A-J Media’s Don Williams recaps the news above about Jett Duffey receiving the starting nod at quarterback. Williams also writes his notebook where he’s got a few quotes from defensive coordinator Keith Patterson. RedRaiderSports’ Brandon Soliz has more quotes from Patterson and here he’s talking about the defensive issues:

“The biggest thing is, and any time you play people with that athleticism and you have a lot of one-on-one tackles, we gotta create population to the ball carrier,” Patterson said. “We gotta get guys breaking the stack. We were doing it earlier in the season. It seems like it’s tapered off. Whether it’s a confidence issue, a coaching issue, I don’t know. But we’re doing everything we can to obviously correct it, point it out on video, trying to get our guys to say, ‘hey, here’s what happens when you’re one-on-one against base.’ It’s going to be an open-field tackle. You’re not going to knock the guy down. You gotta be able to come to balance, be able to get the guy down in those situations.”

Patterson said there’s no true way to emulate in practice what you might see on game day. However, he thinks tackling is a mixture of mindset and reps at it during practice.

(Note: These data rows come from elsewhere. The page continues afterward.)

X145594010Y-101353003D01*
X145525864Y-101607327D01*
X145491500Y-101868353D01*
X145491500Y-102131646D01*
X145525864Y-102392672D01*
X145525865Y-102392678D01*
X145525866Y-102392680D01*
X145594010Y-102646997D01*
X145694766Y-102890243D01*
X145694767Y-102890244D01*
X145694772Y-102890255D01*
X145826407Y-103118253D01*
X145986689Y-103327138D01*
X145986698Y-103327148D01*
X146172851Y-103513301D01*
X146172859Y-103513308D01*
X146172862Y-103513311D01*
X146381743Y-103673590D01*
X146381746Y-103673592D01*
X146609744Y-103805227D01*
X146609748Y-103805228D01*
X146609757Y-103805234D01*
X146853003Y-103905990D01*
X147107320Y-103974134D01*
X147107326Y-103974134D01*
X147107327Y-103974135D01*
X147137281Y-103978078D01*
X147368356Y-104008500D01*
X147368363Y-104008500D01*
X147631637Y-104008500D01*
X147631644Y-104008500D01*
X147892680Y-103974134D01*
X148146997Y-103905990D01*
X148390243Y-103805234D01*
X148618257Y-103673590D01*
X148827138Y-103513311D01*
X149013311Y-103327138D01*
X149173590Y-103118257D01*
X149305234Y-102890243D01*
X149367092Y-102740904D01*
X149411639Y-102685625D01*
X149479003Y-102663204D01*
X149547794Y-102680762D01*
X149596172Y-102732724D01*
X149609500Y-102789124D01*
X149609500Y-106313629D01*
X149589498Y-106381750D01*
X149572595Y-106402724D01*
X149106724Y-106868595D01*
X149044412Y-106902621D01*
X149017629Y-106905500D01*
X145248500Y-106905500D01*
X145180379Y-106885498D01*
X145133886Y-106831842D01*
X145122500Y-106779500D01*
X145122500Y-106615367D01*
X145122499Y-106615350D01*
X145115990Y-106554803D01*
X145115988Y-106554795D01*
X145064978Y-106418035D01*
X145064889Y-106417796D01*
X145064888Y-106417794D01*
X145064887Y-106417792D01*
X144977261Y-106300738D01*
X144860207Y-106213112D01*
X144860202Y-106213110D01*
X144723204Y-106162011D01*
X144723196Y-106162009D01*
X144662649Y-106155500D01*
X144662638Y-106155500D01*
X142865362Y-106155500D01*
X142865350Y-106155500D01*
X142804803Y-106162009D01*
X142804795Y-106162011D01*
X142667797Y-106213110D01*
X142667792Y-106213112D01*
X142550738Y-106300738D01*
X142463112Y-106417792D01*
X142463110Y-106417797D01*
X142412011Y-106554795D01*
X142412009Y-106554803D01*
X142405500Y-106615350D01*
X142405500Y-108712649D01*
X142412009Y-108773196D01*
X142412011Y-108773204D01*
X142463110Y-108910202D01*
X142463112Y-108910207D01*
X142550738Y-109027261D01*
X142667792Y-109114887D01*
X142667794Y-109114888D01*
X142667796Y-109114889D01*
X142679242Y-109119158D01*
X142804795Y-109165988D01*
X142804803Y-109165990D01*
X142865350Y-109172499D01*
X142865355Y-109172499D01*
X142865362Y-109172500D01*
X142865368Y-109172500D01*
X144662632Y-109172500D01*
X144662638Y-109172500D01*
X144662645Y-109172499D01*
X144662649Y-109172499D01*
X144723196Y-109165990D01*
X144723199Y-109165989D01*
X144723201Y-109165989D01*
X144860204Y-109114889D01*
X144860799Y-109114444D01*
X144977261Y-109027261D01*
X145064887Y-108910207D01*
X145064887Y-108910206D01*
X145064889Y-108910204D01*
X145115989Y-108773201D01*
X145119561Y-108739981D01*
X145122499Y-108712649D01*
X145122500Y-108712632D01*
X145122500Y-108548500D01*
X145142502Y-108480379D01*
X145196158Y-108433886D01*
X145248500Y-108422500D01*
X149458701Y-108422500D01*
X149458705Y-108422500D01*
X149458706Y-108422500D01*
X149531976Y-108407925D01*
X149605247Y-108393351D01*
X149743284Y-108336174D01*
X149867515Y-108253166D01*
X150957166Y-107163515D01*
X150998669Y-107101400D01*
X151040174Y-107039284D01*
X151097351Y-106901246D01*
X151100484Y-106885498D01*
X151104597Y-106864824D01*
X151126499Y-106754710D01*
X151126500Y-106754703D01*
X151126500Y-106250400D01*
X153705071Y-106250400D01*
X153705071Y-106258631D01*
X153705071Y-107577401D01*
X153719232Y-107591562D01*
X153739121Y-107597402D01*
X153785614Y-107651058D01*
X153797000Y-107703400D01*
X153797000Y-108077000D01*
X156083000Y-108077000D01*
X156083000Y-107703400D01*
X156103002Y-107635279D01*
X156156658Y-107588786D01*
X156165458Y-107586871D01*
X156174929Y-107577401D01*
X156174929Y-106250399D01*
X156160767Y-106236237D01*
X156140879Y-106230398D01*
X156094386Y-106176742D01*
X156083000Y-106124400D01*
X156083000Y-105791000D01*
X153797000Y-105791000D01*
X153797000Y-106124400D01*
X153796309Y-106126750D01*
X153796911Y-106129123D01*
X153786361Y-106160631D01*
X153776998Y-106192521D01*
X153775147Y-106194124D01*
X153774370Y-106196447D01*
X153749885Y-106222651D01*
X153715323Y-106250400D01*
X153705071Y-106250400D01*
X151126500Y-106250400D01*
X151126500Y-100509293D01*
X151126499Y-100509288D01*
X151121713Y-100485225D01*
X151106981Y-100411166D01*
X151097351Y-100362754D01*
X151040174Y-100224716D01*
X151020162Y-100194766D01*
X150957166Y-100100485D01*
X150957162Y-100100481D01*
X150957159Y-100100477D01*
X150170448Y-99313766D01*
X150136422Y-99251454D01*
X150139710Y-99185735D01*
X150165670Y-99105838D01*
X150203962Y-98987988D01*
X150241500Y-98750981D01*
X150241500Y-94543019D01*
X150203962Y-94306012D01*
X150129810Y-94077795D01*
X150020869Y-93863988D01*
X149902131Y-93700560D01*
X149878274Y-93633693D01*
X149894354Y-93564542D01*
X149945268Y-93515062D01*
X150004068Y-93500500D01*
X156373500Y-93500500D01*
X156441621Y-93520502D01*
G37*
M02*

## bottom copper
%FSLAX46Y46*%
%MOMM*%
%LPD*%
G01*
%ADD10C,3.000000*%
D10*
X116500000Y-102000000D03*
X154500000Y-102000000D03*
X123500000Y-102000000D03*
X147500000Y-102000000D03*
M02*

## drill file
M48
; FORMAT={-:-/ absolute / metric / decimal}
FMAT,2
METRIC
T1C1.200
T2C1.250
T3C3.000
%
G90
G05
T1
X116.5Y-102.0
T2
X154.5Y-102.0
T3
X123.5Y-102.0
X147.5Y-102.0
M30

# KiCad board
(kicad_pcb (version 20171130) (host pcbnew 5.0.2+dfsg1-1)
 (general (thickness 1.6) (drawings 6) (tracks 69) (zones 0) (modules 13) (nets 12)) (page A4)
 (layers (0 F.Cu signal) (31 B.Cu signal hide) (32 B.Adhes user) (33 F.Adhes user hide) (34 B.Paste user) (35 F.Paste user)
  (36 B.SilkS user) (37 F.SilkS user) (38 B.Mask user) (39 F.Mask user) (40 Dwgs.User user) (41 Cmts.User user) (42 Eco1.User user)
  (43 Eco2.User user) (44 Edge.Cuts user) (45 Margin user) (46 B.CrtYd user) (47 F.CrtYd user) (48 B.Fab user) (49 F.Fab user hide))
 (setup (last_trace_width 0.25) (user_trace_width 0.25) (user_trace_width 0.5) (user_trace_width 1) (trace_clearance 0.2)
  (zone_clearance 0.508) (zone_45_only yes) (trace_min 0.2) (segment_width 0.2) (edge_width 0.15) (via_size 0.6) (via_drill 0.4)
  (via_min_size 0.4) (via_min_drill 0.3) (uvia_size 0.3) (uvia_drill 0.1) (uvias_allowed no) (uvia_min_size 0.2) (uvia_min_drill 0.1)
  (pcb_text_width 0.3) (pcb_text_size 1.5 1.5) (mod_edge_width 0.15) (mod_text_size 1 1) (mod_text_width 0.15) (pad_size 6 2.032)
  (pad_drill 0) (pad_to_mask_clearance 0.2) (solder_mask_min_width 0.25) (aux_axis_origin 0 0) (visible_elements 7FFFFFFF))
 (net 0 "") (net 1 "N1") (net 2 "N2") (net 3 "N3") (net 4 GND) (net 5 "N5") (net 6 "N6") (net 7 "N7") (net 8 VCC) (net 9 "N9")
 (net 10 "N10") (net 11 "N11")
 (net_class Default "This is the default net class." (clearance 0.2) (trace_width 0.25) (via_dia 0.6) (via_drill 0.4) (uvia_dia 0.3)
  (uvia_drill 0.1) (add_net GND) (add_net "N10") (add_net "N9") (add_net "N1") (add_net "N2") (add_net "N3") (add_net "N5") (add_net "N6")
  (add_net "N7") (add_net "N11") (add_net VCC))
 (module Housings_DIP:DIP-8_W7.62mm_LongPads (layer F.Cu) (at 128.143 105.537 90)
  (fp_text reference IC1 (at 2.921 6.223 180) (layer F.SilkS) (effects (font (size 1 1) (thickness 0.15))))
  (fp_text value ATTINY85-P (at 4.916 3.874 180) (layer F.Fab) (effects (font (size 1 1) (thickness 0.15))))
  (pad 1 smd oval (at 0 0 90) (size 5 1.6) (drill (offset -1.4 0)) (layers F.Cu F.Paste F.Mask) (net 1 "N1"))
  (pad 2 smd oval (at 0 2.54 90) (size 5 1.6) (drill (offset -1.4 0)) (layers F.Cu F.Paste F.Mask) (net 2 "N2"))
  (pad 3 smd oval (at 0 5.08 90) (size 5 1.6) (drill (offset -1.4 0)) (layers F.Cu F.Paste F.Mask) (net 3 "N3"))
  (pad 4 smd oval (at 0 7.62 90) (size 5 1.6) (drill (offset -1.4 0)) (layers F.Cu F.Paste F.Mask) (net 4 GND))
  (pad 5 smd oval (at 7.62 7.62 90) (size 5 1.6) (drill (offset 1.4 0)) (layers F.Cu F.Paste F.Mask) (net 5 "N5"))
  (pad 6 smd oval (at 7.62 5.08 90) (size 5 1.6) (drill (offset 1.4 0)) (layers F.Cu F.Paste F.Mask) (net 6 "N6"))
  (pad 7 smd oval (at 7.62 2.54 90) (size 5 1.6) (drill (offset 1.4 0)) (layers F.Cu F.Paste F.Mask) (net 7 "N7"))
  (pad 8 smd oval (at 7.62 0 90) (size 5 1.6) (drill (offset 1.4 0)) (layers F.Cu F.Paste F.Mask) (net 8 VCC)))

Mindset plays a bigger part in it with the amount of confidence one of his players has to follow through and make a smart tackle.

Patterson added they emphasize commitment on tackles, working on technique, angles and such in practice to improve on the defensive side of the ball.

RedRaiderSports’ Billy Watson also spoke to defensive back Desmon Smith and defensive tackle Jaylon Hutchings, and what they need to work on moving forward:

“Really, my footwork,” Hutchings said. “Lateral movement, I can really work on. Finishing plays, that’s something I could work on. I think overall as a defense just us executing. When coach gives us the call, we need to execute better.”

For Smith, his improvement comes no on the field but off of It.

“It’s just me kind of me really being consistent every day in what I do. Whether I got personal issues going on at home or stuff going on in football, just being the same guy when I walked in those doors.”